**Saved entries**
[Start of section]
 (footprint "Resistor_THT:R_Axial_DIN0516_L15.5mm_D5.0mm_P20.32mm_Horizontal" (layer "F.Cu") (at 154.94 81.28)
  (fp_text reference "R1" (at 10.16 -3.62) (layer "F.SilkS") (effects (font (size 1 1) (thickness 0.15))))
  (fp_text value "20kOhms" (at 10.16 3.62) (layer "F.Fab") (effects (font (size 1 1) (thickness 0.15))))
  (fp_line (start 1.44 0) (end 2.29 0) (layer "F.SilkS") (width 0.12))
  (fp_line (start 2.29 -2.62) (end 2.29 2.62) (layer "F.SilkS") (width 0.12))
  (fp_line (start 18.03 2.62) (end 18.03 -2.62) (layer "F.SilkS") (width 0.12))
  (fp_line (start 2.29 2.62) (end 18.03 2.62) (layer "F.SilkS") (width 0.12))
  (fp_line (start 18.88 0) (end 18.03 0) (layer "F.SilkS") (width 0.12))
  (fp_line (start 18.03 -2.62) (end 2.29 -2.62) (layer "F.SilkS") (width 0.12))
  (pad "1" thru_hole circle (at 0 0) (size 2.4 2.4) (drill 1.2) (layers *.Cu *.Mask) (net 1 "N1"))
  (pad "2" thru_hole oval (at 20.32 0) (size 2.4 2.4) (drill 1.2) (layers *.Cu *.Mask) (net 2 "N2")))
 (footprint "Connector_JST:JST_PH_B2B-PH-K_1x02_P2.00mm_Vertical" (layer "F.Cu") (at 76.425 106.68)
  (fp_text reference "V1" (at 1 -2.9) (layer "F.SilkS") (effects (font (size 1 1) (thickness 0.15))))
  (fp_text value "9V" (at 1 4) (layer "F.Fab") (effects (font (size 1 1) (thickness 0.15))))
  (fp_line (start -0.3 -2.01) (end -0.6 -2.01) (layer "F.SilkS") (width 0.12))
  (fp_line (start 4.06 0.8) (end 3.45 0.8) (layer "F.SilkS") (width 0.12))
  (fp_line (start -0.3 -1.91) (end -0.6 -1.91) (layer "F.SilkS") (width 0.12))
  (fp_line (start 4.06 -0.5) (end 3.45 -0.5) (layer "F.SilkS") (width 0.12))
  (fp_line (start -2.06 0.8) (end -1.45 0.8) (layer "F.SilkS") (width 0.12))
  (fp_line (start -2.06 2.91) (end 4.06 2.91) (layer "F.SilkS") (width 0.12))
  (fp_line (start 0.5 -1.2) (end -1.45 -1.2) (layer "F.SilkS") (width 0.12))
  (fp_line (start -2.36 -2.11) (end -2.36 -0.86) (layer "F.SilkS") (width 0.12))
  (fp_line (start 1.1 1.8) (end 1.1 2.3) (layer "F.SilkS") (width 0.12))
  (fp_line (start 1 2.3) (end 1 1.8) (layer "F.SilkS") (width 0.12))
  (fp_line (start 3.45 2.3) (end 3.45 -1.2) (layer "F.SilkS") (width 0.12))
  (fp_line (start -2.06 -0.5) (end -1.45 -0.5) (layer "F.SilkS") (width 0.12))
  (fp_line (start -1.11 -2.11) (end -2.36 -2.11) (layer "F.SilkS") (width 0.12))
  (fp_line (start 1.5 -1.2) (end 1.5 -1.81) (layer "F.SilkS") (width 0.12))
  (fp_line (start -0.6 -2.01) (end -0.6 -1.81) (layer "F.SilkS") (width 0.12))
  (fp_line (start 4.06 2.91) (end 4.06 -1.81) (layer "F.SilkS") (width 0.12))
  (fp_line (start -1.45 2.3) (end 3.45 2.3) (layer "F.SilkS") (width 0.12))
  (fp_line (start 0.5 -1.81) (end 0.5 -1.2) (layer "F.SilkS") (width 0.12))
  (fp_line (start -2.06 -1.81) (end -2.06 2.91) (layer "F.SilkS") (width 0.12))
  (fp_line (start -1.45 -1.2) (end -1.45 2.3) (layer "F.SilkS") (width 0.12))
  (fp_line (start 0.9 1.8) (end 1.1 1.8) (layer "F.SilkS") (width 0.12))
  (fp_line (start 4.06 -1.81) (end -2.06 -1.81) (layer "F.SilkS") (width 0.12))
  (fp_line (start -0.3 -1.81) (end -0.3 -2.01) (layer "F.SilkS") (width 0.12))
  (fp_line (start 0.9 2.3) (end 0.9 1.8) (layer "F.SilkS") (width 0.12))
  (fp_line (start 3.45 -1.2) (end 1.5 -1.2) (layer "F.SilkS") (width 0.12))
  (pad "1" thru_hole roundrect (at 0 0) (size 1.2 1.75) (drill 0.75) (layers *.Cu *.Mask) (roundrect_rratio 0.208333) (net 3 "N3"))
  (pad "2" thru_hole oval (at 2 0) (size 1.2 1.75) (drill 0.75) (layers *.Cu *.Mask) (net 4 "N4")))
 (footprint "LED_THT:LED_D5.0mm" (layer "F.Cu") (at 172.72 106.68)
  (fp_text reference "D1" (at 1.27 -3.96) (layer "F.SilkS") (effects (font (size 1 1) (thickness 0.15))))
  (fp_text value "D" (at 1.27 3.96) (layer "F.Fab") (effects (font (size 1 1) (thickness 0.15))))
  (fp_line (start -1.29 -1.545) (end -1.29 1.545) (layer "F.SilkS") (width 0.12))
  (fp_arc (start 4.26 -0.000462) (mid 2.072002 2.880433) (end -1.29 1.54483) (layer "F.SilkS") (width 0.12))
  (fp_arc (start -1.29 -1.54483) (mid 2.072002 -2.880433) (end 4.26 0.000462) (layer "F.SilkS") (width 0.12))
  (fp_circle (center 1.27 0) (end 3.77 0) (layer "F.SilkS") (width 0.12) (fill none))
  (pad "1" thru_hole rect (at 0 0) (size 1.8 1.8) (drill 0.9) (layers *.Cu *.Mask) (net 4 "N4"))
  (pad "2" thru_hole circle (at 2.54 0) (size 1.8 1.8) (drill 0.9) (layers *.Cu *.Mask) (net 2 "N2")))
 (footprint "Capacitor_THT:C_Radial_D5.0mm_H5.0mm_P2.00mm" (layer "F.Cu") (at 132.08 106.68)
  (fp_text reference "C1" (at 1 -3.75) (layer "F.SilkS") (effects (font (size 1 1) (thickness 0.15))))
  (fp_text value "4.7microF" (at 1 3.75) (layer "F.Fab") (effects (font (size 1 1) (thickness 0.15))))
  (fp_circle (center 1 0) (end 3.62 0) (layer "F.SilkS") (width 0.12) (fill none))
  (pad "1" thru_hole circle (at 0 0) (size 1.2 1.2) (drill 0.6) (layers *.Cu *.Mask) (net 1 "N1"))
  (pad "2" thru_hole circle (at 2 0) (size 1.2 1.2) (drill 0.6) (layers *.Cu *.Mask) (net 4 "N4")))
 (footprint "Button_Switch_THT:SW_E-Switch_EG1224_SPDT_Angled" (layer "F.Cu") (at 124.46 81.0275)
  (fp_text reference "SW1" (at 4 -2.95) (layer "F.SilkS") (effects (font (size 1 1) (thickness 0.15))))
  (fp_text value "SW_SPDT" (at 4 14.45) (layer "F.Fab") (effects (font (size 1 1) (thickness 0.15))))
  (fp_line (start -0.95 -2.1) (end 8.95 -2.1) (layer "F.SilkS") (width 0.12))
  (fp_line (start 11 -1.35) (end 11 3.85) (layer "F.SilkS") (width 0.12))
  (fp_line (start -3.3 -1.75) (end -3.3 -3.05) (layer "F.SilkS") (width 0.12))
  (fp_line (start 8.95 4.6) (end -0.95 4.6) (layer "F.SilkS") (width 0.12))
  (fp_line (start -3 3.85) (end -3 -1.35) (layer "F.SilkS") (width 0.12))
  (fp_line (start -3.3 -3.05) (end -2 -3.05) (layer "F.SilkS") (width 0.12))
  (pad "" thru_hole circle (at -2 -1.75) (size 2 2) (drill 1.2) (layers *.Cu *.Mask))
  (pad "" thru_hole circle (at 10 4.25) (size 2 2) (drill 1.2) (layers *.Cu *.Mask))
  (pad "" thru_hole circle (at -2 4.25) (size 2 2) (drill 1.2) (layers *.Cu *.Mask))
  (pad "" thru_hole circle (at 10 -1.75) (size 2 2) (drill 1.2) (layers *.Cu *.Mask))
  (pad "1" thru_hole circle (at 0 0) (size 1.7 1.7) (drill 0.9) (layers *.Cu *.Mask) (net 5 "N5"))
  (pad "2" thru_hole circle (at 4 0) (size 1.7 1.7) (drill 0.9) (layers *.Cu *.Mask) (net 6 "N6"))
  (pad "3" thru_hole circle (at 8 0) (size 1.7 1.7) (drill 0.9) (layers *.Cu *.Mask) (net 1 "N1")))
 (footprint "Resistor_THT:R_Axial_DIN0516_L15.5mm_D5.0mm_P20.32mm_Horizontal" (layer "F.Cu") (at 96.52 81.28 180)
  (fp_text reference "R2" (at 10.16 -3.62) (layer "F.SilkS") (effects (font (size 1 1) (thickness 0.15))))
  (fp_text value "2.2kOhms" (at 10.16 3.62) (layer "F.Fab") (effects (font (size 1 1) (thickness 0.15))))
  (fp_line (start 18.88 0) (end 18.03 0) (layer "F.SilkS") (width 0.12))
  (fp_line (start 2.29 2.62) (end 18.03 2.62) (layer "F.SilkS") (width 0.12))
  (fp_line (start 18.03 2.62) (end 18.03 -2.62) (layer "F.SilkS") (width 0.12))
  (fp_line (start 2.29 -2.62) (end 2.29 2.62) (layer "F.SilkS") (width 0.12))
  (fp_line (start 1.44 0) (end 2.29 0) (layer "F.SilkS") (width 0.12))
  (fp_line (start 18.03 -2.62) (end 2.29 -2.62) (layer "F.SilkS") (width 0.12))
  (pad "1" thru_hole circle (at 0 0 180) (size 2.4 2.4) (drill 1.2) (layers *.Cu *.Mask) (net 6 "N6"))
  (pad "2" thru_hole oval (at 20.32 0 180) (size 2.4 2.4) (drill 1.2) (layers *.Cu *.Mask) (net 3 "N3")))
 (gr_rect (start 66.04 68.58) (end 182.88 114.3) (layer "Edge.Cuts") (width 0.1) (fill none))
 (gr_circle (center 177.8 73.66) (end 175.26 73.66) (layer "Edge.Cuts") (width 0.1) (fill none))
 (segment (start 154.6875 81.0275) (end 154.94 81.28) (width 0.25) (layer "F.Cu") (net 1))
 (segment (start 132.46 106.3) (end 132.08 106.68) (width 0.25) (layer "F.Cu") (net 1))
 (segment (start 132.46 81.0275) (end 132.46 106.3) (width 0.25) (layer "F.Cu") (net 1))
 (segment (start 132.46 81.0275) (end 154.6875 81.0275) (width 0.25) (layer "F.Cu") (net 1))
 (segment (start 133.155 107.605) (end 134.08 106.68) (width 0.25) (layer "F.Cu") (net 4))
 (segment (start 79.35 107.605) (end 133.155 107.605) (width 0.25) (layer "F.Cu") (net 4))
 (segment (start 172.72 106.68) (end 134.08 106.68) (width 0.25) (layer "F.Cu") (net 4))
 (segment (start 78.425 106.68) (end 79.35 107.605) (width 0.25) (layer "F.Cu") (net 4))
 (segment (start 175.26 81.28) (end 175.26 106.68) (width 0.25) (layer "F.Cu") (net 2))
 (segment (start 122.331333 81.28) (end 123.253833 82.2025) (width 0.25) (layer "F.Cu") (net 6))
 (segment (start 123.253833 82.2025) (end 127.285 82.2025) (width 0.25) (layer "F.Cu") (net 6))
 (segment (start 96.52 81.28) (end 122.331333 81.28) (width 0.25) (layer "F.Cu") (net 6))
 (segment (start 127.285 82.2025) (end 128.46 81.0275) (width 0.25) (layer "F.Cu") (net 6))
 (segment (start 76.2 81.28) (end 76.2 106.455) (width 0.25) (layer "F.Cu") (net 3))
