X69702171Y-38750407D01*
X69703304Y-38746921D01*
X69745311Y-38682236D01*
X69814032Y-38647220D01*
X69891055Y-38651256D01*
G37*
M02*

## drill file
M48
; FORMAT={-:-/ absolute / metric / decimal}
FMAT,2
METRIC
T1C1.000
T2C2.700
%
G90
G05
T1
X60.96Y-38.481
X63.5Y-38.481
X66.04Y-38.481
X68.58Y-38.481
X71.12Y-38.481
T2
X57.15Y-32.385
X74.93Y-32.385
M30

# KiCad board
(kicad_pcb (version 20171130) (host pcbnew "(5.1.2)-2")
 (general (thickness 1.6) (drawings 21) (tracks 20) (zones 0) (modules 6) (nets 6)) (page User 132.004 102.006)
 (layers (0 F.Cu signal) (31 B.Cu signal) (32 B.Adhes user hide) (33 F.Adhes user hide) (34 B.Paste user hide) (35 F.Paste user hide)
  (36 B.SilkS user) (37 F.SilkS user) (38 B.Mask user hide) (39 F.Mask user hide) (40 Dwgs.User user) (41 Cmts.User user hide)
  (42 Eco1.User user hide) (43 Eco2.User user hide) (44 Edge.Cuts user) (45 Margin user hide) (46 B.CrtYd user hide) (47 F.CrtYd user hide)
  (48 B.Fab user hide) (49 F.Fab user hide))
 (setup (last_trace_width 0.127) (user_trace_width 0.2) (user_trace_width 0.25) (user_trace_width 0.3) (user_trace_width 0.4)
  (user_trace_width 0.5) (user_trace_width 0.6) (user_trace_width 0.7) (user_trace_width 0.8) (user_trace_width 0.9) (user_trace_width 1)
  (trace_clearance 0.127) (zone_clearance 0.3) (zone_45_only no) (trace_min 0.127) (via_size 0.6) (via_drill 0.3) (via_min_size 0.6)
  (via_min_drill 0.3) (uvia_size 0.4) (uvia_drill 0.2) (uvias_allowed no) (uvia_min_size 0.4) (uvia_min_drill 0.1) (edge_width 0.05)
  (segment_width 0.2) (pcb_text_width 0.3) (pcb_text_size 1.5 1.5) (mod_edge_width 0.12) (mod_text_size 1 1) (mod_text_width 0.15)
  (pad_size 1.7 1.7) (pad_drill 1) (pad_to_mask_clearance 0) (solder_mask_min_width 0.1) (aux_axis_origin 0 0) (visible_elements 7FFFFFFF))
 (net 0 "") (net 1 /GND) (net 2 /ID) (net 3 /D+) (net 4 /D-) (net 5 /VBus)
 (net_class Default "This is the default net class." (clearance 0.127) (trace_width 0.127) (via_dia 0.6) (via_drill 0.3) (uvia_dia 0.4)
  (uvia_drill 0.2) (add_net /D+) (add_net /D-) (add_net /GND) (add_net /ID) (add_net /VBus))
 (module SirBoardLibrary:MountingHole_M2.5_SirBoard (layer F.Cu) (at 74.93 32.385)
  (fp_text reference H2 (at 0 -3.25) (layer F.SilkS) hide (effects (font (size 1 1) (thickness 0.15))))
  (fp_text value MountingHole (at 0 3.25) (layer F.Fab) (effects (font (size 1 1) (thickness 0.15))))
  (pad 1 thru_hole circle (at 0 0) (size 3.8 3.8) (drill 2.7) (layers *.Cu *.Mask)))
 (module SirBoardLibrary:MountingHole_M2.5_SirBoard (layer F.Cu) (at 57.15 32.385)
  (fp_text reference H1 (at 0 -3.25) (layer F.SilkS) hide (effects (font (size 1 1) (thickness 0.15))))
[End of section]
**Work item**
If a line above holds the string "VBus", return it as it stands.

**Response area**
 (net 0 "") (net 1 /GND) (net 2 /ID) (net 3 /D+) (net 4 /D-) (net 5 /VBus)
  (uvia_drill 0.2) (add_net /D+) (add_net /D-) (add_net /GND) (add_net /ID) (add_net /VBus))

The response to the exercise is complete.